What are embeddings?

Embeddings are numeric vector representations of text that encode semantic meaning, so phrases with similar meaning tend to be located close to each other in vector space. In practice, this means the system can compare a user’s message to pre-defined example phrases and choose the nearest semantic match.

Example: anonymized routing approach

class SemanticRouter
  def initialize(embedding_client:)
    @embedding_client = embedding_client
  end

  def call(message)
    message_vector = embed(message)

    scores = {
      inventory: max_similarity(message_vector, inventory_examples),
      support: max_similarity(message_vector, support_examples),
      billing: max_similarity(message_vector, billing_examples)
    }

    best_match = scores.max_by { |_, score| score }
    best_match ? best_match.first.to_s : "fallback"
  end

  private

  def embed(text)
    @embedding_client.embed(text)
  end

  def inventory_examples
    [
      embed("where is the stock"),
      embed("create a warehouse"),
      embed("list available products")
    ]
  end

  def support_examples
    [
      embed("login issue"),
      embed("error on screen"),
      embed("reset my password")
    ]
  end

  def billing_examples
    [
      embed("show my invoice"),
      embed("payment failed"),
      embed("what is my current balance")
    ]
  end

  def max_similarity(message_vector, example_vectors)
    example_vectors.map { |vector| cosine_similarity(message_vector, vector) }.max
  end

  def cosine_similarity(a, b)
    dot_product(a, b) / (magnitude(a) * magnitude(b))
  end

  def dot_product(a, b)
    a.zip(b).sum { |x, y| x * y }
  end

  def magnitude(vector)
    Math.sqrt(vector.sum { |value| value**2 })
  end
end

This pattern works best when the semantic boundaries between agents are distinct enough that nearest-neighbor matching is reliable. It is also a strong option when routing speed matters and the platform needs to operate with minimal latency.

When to use each pattern

The LLM Supervisor is usually the better choice when the system needs reasoning, contextual understanding, or cleaner handling of ambiguous requests. The Semantic Vector Router is a better fit when the domains are clearly separated and the main goal is low-cost, low-latency intent classification.

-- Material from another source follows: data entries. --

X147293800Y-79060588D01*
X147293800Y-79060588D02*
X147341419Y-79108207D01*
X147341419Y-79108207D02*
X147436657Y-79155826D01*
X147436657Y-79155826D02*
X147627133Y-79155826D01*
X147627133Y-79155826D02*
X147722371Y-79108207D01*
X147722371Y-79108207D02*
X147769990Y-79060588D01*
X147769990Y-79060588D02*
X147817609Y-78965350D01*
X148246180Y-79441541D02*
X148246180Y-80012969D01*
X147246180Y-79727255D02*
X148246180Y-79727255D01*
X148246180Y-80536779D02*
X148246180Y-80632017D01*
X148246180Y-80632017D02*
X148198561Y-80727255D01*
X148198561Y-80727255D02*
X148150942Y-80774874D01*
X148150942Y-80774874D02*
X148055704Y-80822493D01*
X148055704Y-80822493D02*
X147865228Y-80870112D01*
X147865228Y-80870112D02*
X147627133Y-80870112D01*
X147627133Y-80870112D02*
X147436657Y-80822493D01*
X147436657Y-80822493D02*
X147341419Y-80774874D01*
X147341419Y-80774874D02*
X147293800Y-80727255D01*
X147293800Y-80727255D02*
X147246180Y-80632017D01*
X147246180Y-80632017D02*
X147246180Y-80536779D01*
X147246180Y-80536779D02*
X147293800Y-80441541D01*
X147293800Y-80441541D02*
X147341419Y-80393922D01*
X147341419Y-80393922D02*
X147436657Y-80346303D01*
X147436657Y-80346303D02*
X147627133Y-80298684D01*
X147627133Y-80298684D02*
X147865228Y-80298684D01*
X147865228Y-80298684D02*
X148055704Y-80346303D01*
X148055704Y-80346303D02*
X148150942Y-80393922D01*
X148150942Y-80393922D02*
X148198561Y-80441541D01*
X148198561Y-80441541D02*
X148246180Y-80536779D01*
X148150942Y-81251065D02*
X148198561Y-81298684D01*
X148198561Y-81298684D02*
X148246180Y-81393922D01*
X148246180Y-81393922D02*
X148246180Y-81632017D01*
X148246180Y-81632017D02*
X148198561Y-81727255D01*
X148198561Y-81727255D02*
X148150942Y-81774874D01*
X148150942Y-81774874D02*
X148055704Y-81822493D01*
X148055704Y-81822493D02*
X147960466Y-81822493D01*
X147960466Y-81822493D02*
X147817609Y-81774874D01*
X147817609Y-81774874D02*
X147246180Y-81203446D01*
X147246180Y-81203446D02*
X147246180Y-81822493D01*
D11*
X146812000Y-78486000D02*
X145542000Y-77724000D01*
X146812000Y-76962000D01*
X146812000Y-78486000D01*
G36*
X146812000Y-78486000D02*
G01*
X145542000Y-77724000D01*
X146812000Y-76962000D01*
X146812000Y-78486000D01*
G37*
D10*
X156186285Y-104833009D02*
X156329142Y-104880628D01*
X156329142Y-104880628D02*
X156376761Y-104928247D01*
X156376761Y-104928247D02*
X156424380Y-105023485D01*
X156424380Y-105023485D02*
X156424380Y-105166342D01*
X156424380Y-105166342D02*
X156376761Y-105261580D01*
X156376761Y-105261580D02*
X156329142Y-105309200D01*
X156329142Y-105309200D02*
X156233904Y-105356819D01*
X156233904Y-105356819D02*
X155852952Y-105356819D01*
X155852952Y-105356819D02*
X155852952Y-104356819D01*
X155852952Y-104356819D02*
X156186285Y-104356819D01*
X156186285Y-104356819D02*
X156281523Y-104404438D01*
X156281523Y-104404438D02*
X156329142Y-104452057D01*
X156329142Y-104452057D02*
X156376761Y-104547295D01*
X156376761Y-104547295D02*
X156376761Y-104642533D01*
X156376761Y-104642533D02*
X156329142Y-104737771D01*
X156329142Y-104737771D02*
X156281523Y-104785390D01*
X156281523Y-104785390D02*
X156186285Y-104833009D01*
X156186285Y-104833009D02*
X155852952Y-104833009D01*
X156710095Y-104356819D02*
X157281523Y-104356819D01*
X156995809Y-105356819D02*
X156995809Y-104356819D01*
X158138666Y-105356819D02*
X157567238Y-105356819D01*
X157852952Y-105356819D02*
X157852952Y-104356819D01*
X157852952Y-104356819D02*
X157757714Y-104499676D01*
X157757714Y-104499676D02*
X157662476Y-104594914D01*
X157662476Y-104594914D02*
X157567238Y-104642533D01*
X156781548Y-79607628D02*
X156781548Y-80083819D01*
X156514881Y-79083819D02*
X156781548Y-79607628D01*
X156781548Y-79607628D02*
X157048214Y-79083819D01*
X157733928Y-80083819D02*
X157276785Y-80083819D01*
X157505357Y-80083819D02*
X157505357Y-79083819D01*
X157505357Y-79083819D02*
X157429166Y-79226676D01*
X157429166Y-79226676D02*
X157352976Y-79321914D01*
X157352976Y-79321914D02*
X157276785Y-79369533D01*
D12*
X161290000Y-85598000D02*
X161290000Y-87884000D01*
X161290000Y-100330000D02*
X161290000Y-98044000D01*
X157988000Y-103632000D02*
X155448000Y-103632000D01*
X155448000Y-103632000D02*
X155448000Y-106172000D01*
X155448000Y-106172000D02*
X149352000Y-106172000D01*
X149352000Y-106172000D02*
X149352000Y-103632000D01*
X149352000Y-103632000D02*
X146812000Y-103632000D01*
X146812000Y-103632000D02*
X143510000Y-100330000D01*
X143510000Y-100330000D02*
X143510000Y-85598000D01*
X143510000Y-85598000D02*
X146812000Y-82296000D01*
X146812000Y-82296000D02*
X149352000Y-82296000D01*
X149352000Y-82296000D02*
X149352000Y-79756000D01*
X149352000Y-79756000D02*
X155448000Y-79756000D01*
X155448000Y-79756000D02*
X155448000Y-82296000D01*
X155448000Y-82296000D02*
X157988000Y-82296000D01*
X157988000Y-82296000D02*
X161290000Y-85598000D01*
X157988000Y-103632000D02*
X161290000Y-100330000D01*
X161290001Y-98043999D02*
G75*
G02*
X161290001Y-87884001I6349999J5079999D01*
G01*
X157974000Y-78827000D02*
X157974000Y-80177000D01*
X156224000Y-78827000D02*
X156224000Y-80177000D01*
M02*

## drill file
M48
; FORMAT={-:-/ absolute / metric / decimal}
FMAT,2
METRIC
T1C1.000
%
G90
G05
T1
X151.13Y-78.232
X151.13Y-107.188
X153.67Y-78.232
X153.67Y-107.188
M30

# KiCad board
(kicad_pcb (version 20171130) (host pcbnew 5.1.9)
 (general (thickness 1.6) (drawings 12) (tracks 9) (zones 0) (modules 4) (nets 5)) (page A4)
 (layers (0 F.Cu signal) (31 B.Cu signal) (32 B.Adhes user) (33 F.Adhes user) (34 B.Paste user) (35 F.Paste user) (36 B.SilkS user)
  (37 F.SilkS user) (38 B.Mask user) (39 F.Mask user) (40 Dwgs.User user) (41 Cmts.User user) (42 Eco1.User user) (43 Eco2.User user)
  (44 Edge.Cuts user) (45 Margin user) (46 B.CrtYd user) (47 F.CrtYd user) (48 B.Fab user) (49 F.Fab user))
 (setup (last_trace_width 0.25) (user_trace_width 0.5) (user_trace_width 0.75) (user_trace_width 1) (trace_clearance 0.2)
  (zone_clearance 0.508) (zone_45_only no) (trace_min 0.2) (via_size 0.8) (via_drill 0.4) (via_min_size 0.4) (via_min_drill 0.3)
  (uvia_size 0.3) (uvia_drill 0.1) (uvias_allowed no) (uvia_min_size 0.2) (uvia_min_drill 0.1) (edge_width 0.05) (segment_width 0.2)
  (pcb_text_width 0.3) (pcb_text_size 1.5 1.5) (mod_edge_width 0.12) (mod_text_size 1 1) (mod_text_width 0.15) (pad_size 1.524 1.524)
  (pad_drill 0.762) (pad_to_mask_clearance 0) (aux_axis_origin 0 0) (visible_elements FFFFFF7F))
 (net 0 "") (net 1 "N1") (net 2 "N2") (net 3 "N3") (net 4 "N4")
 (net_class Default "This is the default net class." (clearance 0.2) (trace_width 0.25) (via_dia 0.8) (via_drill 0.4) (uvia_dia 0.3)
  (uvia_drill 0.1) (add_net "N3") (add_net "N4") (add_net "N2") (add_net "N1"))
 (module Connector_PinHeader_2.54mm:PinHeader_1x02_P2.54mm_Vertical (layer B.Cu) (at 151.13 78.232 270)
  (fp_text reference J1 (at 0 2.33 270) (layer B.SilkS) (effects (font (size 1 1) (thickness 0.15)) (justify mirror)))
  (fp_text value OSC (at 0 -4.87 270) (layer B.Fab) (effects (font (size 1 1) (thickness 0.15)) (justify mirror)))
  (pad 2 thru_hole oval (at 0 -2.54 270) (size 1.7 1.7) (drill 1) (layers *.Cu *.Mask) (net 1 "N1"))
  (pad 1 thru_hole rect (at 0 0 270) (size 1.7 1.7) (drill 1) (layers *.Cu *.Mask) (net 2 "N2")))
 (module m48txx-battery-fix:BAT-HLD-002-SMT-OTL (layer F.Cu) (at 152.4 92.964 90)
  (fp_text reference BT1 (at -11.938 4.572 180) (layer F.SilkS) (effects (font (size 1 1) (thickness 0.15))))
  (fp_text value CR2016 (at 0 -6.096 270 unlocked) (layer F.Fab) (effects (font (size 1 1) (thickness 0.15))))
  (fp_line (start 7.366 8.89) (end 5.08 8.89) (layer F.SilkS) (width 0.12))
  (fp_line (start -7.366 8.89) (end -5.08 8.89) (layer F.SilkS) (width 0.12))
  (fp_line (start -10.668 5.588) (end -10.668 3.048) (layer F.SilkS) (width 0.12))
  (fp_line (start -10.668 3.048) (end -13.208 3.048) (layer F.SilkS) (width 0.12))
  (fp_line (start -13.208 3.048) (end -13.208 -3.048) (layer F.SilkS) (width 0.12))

In practice, many production systems combine both. For example, a vector router can handle obvious cases quickly, while low-confidence matches can be escalated to an LLM supervisor for a second opinion.

Multi-agent complexity in the real world

Multi-agent development becomes complex very quickly because each agent is not only responsible for reasoning, but also for selecting tools, managing state, and deciding when to act. Once several agents and tools are connected to the same chat interface, the architecture must handle intent routing, permission boundaries, retries, tool failures, observability, and conversational continuity at the same time.

The difficulty grows even more when tools are mixed across read-only and update-capable operations. Reading data is usually safe, but writing data changes system state, which means the platform must be much more careful about validation and execution.

Complexities of mixing read-only and update tools

A misclassified intent can trigger a write action when the user only wanted information.
A read-only tool may be safe to run automatically, but an update tool may require confirmation first.
Two agents can read the same state and then perform conflicting updates based on stale data.
Retries become dangerous when a failed request may have partially completed a write operation.
Audit logs become essential because the system must explain not only what it answered, but also what it changed.
Access control becomes more granular because some agents may be allowed to read records but not modify them.
Rollback strategies become necessary when one tool in a multi-step chain succeeds and another fails afterward.
Human approval may be needed for sensitive operations such as payments, deletions, account changes, or inventory adjustments.

Final thoughts

A strong multi-agent chat system is not defined only by the intelligence of its agents, but by the quality of its orchestration. Intent discovery, routing strategy, and safe tool usage are what make the difference between a chat interface that feels smart and one that feels unpredictable.